That's where they are supposed to be anyway.

Christians can print T-shirts w/ the 10 Commandments and wear them every single day, and that would reach infinitely more........but w/o an explanation of what the 10 Commandments MEAN? Folks will just think it's a 'set of rules to get to heaven'.
And that's not what they are.

1 Peter 3: 15-16
But in your hearts revere Christ as Lord.
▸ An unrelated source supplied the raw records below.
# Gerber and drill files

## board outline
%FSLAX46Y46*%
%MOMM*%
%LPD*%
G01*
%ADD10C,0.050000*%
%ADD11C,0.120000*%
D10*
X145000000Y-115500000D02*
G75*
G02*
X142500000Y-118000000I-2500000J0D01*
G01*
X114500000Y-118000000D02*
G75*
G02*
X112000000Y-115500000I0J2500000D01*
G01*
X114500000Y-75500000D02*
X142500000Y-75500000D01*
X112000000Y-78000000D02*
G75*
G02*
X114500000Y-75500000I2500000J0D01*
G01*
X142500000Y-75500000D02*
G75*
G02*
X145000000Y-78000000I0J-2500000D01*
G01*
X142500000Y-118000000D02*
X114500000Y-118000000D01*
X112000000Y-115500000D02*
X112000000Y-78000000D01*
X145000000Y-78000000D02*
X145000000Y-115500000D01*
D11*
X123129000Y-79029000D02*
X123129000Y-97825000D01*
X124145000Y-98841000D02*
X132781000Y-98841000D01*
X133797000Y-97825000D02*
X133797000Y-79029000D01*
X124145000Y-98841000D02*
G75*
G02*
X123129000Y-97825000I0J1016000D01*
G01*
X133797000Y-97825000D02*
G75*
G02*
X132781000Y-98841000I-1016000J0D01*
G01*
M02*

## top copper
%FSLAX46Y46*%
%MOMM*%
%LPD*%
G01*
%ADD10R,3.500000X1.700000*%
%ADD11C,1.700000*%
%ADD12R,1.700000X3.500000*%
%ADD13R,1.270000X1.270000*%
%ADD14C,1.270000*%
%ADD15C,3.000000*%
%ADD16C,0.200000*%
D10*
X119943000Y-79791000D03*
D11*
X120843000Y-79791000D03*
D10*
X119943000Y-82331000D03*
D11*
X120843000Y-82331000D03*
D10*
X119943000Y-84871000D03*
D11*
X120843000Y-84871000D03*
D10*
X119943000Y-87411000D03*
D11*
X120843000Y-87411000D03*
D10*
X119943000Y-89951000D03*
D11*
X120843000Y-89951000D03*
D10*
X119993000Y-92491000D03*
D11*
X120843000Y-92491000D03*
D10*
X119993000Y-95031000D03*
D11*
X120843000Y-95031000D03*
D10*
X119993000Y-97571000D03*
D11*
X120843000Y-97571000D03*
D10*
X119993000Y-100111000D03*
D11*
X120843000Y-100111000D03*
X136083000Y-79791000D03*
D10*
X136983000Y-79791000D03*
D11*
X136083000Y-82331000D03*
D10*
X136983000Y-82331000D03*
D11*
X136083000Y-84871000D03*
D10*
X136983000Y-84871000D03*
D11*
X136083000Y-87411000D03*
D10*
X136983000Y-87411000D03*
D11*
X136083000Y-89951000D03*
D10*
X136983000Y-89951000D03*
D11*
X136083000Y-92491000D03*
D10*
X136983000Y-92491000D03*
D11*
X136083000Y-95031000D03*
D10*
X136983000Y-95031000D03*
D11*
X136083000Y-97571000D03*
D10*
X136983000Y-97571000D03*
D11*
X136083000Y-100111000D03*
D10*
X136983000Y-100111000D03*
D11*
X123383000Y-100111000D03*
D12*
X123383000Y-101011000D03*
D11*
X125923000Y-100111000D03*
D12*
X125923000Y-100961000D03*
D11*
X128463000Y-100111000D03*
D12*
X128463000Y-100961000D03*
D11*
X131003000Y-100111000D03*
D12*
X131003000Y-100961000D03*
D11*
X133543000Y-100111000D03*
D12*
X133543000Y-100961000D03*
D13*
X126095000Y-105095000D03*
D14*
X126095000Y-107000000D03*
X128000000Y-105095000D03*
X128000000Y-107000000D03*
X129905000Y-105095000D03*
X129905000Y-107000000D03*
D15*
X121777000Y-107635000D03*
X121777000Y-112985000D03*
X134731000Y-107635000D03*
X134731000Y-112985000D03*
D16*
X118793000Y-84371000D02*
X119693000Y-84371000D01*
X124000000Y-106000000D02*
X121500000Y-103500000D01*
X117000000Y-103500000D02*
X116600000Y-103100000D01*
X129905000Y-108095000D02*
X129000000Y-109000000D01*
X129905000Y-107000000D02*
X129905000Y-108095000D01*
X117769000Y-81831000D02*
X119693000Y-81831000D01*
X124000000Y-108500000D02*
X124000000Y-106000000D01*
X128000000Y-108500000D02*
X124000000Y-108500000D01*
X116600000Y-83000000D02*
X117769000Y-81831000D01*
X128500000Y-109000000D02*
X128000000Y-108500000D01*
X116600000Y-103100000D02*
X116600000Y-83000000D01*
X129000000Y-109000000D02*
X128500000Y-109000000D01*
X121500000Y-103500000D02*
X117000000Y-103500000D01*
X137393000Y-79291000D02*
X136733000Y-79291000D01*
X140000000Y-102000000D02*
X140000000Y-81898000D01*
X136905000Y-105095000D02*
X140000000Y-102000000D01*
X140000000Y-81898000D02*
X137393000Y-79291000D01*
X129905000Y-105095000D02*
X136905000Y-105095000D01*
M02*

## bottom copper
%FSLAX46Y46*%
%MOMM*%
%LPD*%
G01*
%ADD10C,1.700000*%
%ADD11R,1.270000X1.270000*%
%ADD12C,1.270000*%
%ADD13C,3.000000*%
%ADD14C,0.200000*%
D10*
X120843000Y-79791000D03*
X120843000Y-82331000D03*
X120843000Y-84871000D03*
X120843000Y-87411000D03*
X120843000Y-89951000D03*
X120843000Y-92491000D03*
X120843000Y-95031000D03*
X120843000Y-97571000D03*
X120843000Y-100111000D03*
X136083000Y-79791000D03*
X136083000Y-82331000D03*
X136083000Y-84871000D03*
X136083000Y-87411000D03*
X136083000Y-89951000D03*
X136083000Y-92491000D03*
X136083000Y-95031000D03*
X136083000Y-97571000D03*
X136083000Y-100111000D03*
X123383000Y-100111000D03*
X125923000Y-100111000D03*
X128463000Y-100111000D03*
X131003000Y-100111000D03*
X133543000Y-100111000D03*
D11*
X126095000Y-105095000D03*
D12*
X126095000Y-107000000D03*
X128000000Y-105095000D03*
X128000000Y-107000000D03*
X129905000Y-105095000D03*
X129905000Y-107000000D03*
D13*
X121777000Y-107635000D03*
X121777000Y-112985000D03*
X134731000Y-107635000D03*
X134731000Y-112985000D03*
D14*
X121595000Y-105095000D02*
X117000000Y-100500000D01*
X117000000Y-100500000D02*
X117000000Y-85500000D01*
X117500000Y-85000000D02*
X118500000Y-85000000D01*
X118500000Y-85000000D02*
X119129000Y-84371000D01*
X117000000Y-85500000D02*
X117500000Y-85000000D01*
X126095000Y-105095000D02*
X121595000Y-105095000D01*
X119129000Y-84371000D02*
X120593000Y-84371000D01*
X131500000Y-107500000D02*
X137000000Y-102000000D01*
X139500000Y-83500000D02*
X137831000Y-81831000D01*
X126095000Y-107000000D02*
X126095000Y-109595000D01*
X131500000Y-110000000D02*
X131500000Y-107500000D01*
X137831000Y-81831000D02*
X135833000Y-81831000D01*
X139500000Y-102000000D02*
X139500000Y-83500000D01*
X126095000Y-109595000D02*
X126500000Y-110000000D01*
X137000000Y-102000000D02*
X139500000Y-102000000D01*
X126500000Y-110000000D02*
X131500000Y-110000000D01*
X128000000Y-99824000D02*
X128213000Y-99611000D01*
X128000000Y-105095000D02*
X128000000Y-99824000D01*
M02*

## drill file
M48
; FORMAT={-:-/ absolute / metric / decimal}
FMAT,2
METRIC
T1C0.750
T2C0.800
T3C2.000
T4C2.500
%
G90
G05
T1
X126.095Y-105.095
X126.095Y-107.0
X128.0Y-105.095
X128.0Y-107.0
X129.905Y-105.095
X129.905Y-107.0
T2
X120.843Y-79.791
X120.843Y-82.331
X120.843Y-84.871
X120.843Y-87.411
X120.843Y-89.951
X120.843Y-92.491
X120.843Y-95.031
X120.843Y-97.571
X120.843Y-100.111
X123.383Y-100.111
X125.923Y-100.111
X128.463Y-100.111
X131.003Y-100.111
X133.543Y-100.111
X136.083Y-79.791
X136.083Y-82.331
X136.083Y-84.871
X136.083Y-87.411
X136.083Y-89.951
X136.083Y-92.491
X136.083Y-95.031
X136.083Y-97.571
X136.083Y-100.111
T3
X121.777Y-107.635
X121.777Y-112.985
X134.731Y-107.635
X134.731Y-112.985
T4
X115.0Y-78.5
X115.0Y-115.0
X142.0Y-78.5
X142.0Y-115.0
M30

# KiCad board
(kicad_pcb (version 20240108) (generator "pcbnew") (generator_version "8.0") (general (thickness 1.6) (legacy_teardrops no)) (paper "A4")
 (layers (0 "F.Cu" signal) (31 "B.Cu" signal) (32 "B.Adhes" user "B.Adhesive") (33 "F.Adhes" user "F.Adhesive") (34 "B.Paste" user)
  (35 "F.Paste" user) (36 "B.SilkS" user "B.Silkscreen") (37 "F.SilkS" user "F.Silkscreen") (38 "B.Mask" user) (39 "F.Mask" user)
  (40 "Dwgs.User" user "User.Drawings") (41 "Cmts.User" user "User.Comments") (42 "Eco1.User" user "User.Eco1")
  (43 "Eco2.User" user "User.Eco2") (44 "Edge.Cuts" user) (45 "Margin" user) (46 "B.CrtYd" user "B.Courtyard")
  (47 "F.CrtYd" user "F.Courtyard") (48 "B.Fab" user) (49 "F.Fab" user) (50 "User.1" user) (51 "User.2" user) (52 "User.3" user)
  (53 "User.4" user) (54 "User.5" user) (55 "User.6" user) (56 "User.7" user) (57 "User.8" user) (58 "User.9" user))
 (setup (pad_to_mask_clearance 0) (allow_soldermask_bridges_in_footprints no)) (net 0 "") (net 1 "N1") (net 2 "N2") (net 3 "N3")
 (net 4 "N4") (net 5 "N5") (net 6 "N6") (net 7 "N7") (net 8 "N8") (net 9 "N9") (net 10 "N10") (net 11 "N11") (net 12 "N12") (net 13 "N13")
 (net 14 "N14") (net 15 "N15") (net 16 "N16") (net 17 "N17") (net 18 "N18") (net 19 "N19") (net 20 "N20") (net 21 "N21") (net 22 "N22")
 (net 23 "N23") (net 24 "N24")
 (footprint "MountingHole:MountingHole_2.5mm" (layer "F.Cu") (at 142 115)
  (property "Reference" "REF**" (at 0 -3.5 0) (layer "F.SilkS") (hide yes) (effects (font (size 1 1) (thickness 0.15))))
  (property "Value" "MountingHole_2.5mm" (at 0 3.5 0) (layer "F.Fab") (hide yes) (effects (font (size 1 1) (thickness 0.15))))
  (pad "" np_thru_hole circle (at 0 0) (size 2.5 2.5) (drill 2.5) (layers "*.Cu" "*.Mask")))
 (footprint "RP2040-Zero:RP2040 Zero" (layer "F.Cu") (at 118.303 102.778)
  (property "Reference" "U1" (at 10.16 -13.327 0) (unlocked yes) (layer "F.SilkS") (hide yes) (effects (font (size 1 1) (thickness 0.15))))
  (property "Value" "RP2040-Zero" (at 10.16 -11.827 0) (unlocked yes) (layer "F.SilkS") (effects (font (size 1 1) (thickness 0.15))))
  (fp_line (start 4.826 -23.749) (end 4.826 -4.953) (stroke (width 0.12) (type default)) (layer "Edge.Cuts"))
  (fp_line (start 5.842 -3.937) (end 14.478 -3.937) (stroke (width 0.12) (type default)) (layer "Edge.Cuts"))
  (fp_line (start 15.494 -4.953) (end 15.494 -23.749) (stroke (width 0.12) (type default)) (layer "Edge.Cuts"))
  (fp_arc (start 5.842 -3.937) (mid 5.12358 -4.23458) (end 4.826 -4.953) (stroke (width 0.12) (type default)) (layer "Edge.Cuts"))
  (fp_arc (start 15.494 -4.953) (mid 15.19642 -4.23458) (end 14.478 -3.937) (stroke (width 0.12) (type default)) (layer "Edge.Cuts"))
  (pad "1" smd rect (at 1.64 -22.987) (size 3.5 1.7) (layers "F.Cu" "F.Mask") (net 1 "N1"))
  (pad "1" thru_hole circle (at 2.54 -22.987) (size 1.7 1.7) (drill 0.8) (layers "*.Cu" "*.Mask") (remove_unused_layers no) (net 1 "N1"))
Always be prepared to* give an answer to everyone who asks you to give the reason for the hope that you have.* _*
But do this with gentleness and respect,*_ keeping a clear conscience, so that those who speak maliciously against your good behavior in Christ may be ashamed of their slander.


----------



## mmoetc (Oct 9, 2012)

Laura Zone 10 said:


> It is the world we live in.
> We cannot stop it......
> However, we can store up those treasures in our hearts.
> That's where they are supposed to be anyway.
> ...


Or they could just live by them and let others be.


----------



## Laura Zone 5 (Jan 13, 2010)

mmoetc said:


> Or they could just live by them and let others be.


Right, that was the point of my post.

The first 5 Commandments are the relationship between the Believer and God. 
The next 5 Commandments are the relationship man should have w/ fellow man ('man' as in humanity).

If Believers want to start conversations, wear a shirt w/ the 10 Commandments, every day, everywhere, and when someone ASKS about it; be ready to give an answer.

My God does not need a monument anywhere.
He speaks thru Creation....something you cannot ban, or avoid.:grin:


----------



## Irish Pixie (May 14, 2002)

Jolly said:


> A little Jesus would do most everybody good.
> 
> Ten Commandments wouldn't hurt, either.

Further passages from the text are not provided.